### What the task requires
Once you reach the line that holds "(37 F.SilkS user)" in the listing below, output it and every line after it through the line that holds "(module MOD:LINEAR_ICSP_POGO (layer", word for word.

### Stored data
----

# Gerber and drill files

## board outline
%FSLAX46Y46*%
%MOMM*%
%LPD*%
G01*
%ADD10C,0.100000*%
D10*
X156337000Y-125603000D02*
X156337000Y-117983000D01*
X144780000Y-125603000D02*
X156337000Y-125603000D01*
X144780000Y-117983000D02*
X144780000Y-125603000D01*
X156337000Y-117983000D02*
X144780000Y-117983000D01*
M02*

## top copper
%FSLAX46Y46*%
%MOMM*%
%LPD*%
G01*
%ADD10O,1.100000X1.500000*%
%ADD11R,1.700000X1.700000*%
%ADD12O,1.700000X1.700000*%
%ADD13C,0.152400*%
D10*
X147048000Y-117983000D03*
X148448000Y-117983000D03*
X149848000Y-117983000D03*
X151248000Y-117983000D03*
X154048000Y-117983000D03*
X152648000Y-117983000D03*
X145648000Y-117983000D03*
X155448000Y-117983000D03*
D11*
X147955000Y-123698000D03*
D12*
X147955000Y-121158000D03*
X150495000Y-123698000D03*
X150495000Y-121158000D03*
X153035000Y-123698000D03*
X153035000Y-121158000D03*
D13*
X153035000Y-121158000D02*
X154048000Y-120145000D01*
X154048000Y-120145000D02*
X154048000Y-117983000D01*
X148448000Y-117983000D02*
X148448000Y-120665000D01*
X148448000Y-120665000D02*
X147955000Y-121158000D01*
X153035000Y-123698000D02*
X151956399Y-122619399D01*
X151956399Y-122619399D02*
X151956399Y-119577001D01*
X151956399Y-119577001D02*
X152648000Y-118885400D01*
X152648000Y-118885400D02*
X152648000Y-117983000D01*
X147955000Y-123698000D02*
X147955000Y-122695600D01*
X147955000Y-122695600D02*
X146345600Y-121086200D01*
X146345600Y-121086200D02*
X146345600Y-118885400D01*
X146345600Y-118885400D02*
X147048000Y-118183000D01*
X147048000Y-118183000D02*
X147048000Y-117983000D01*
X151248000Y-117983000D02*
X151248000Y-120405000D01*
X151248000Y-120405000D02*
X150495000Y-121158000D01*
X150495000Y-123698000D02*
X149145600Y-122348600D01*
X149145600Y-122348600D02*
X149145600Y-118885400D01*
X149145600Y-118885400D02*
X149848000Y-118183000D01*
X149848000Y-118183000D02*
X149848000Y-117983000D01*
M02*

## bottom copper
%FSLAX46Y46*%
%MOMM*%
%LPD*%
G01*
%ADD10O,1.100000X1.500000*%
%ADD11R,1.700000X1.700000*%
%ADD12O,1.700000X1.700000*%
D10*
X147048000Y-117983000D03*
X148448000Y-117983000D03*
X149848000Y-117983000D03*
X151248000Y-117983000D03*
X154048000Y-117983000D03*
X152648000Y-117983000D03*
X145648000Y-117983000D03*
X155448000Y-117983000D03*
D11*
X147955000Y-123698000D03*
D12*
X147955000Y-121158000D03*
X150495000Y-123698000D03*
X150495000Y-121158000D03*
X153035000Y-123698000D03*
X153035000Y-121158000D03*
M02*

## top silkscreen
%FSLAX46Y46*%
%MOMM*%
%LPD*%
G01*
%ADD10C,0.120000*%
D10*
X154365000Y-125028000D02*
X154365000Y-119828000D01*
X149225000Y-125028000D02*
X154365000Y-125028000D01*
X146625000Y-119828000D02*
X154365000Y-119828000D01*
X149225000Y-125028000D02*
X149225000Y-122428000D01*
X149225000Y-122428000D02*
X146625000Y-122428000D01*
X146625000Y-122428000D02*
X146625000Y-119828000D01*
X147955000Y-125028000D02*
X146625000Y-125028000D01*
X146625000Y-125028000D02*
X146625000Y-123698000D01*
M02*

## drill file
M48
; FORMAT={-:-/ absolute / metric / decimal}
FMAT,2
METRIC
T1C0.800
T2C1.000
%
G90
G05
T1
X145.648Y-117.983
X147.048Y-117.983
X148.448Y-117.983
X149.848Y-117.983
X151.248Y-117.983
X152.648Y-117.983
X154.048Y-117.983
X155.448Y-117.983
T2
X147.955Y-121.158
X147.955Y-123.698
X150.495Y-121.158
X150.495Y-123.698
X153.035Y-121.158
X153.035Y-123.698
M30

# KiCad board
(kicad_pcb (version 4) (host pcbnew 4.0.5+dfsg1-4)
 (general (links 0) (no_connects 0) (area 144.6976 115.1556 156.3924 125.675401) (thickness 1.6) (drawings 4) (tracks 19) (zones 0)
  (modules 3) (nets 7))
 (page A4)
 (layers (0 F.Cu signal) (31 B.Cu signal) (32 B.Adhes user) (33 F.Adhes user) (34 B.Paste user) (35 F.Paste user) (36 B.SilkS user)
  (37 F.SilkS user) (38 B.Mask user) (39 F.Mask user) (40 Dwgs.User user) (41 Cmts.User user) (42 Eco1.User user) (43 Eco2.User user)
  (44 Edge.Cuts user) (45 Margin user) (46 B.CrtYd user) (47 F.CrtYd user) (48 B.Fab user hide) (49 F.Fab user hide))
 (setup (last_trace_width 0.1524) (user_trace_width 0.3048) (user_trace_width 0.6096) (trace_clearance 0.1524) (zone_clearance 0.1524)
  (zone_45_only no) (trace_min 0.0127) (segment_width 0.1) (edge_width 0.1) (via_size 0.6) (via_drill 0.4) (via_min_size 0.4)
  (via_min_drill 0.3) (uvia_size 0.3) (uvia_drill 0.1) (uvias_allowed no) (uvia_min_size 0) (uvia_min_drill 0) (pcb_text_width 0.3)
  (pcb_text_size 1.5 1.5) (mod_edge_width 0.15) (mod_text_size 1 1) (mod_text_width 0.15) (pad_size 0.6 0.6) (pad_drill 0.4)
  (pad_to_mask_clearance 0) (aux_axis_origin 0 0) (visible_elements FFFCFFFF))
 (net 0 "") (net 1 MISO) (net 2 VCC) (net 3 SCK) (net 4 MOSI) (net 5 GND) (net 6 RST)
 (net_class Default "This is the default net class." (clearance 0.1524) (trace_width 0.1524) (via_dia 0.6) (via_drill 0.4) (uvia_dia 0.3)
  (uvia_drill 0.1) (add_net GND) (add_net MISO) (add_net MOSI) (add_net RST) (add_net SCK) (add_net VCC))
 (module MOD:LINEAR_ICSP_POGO (layer F.Cu) (at 150.548 116.583)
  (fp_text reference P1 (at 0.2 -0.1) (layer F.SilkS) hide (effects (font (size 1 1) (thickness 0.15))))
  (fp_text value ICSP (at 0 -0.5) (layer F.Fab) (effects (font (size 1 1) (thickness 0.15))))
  (pad 1 thru_hole oval (at -3.5 1.4) (size 1.1 1.5) (drill 0.8) (layers *.Cu *.Mask) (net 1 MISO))
  (pad 2 thru_hole oval (at -2.1 1.4) (size 1.1 1.5) (drill 0.8) (layers *.Cu *.Mask) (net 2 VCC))
  (pad 3 thru_hole oval (at -0.7 1.4) (size 1.1 1.5) (drill 0.8) (layers *.Cu *.Mask) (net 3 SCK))
  (pad 4 thru_hole oval (at 0.7 1.4) (size 1.1 1.5) (drill 0.8) (layers *.Cu *.Mask) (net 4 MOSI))
  (pad 6 thru_hole oval (at 3.5 1.4) (size 1.1 1.5) (drill 0.8) (layers *.Cu *.Mask) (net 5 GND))
  (pad 5 thru_hole oval (at 2.1 1.4) (size 1.1 1.5) (drill 0.8) (layers *.Cu *.Mask) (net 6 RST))
  (pad NC1 thru_hole oval (at -4.9 1.4) (size 1.1 1.5) (drill 0.8) (layers *.Cu *.Mask))
  (pad NC2 thru_hole oval (at 4.9 1.4) (size 1.1 1.5) (drill 0.8) (layers *.Cu *.Mask)))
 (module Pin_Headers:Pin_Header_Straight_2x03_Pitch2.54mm (layer F.Cu) (at 147.955 123.698 90)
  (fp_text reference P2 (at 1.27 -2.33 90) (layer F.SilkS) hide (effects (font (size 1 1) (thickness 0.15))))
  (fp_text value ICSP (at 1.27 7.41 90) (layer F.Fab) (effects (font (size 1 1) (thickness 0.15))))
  (fp_line (start -1.33 6.41) (end 3.87 6.41) (layer F.SilkS) (width 0.12))
  (fp_line (start -1.33 1.27) (end -1.33 6.41) (layer F.SilkS) (width 0.12))
  (fp_line (start 3.87 -1.33) (end 3.87 6.41) (layer F.SilkS) (width 0.12))
  (fp_line (start -1.33 1.27) (end 1.27 1.27) (layer F.SilkS) (width 0.12))
  (fp_line (start 1.27 1.27) (end 1.27 -1.33) (layer F.SilkS) (width 0.12))
  (fp_line (start 1.27 -1.33) (end 3.87 -1.33) (layer F.SilkS) (width 0.12))
  (fp_line (start -1.33 0) (end -1.33 -1.33) (layer F.SilkS) (width 0.12))
  (fp_line (start -1.33 -1.33) (end 0 -1.33) (layer F.SilkS) (width 0.12))
  (pad 1 thru_hole rect (at 0 0 90) (size 1.7 1.7) (drill 1) (layers *.Cu *.Mask) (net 1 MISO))
  (pad 2 thru_hole oval (at 2.54 0 90) (size 1.7 1.7) (drill 1) (layers *.Cu *.Mask) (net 2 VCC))
  (pad 3 thru_hole oval (at 0 2.54 90) (size 1.7 1.7) (drill 1) (layers *.Cu *.Mask) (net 3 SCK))
  (pad 4 thru_hole oval (at 2.54 2.54 90) (size 1.7 1.7) (drill 1) (layers *.Cu *.Mask) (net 4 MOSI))
  (pad 5 thru_hole oval (at 0 5.08 90) (size 1.7 1.7) (drill 1) (layers *.Cu *.Mask) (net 6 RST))
  (pad 6 thru_hole oval (at 2.54 5.08 90) (size 1.7 1.7) (drill 1) (layers *.Cu *.Mask) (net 5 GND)))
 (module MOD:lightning (layer B.Cu) (at 154.94 122.682)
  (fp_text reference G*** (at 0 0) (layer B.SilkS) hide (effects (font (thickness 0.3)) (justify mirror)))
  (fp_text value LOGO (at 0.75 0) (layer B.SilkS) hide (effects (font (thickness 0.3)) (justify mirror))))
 (gr_line (start 156.337 125.603) (end 156.337 117.983) (layer Edge.Cuts) (width 0.1))
 (gr_line (start 144.78 125.603) (end 156.337 125.603) (layer Edge.Cuts) (width 0.1))
 (gr_line (start 144.78 117.983) (end 144.78 125.603) (layer Edge.Cuts) (width 0.1))
 (gr_line (start 156.337 117.983) (end 144.78 117.983) (layer Edge.Cuts) (width 0.1))
 (segment (start 153.035 121.158) (end 154.048 120.145) (width 0.1524) (layer F.Cu) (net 5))
 (segment (start 154.048 120.145) (end 154.048 117.983) (width 0.1524) (layer F.Cu) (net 5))
 (segment (start 148.448 117.983) (end 148.448 120.665) (width 0.1524) (layer F.Cu) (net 2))
 (segment (start 148.448 120.665) (end 147.955 121.158) (width 0.1524) (layer F.Cu) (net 2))
 (segment (start 153.035 123.698) (end 151.956399 122.619399) (width 0.1524) (layer F.Cu) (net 6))
 (segment (start 151.956399 122.619399) (end 151.956399 119.577001) (width 0.1524) (layer F.Cu) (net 6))
 (segment (start 151.956399 119.577001) (end 152.648 118.8854) (width 0.1524) (layer F.Cu) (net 6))
 (segment (start 152.648 118.8854) (end 152.648 117.983) (width 0.1524) (layer F.Cu) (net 6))
 (segment (start 147.955 123.698) (end 147.955 122.6956) (width 0.1524) (layer F.Cu) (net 1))
 (segment (start 147.955 122.6956) (end 146.3456 121.0862) (width 0.1524) (layer F.Cu) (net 1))
 (segment (start 146.3456 121.0862) (end 146.3456 118.8854) (width 0.1524) (layer F.Cu) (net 1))
 (segment (start 146.3456 118.8854) (end 147.048 118.183) (width 0.1524) (layer F.Cu) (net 1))
 (segment (start 147.048 118.183) (end 147.048 117.983) (width 0.1524) (layer F.Cu) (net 1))
 (segment (start 151.248 117.983) (end 151.248 120.405) (width 0.1524) (layer F.Cu) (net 4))
 (segment (start 151.248 120.405) (end 150.495 121.158) (width 0.1524) (layer F.Cu) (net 4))
 (segment (start 150.495 123.698) (end 149.1456 122.3486) (width 0.1524) (layer F.Cu) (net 3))
 (segment (start 149.1456 122.3486) (end 149.1456 118.8854) (width 0.1524) (layer F.Cu) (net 3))
 (segment (start 149.1456 118.8854) (end 149.848 118.183) (width 0.1524) (layer F.Cu) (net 3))
 (segment (start 149.848 118.183) (end 149.848 117.983) (width 0.1524) (layer F.Cu) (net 3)))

----

### Exercise result
  (37 F.SilkS user) (38 B.Mask user) (39 F.Mask user) (40 Dwgs.User user) (41 Cmts.User user) (42 Eco1.User user) (43 Eco2.User user)
  (44 Edge.Cuts user) (45 Margin user) (46 B.CrtYd user) (47 F.CrtYd user) (48 B.Fab user hide) (49 F.Fab user hide))
 (setup (last_trace_width 0.1524) (user_trace_width 0.3048) (user_trace_width 0.6096) (trace_clearance 0.1524) (zone_clearance 0.1524)
  (zone_45_only no) (trace_min 0.0127) (segment_width 0.1) (edge_width 0.1) (via_size 0.6) (via_drill 0.4) (via_min_size 0.4)
  (via_min_drill 0.3) (uvia_size 0.3) (uvia_drill 0.1) (uvias_allowed no) (uvia_min_size 0) (uvia_min_drill 0) (pcb_text_width 0.3)
  (pcb_text_size 1.5 1.5) (mod_edge_width 0.15) (mod_text_size 1 1) (mod_text_width 0.15) (pad_size 0.6 0.6) (pad_drill 0.4)
  (pad_to_mask_clearance 0) (aux_axis_origin 0 0) (visible_elements FFFCFFFF))
 (net 0 "") (net 1 MISO) (net 2 VCC) (net 3 SCK) (net 4 MOSI) (net 5 GND) (net 6 RST)
 (net_class Default "This is the default net class." (clearance 0.1524) (trace_width 0.1524) (via_dia 0.6) (via_drill 0.4) (uvia_dia 0.3)
  (uvia_drill 0.1) (add_net GND) (add_net MISO) (add_net MOSI) (add_net RST) (add_net SCK) (add_net VCC))
 (module MOD:LINEAR_ICSP_POGO (layer F.Cu) (at 150.548 116.583)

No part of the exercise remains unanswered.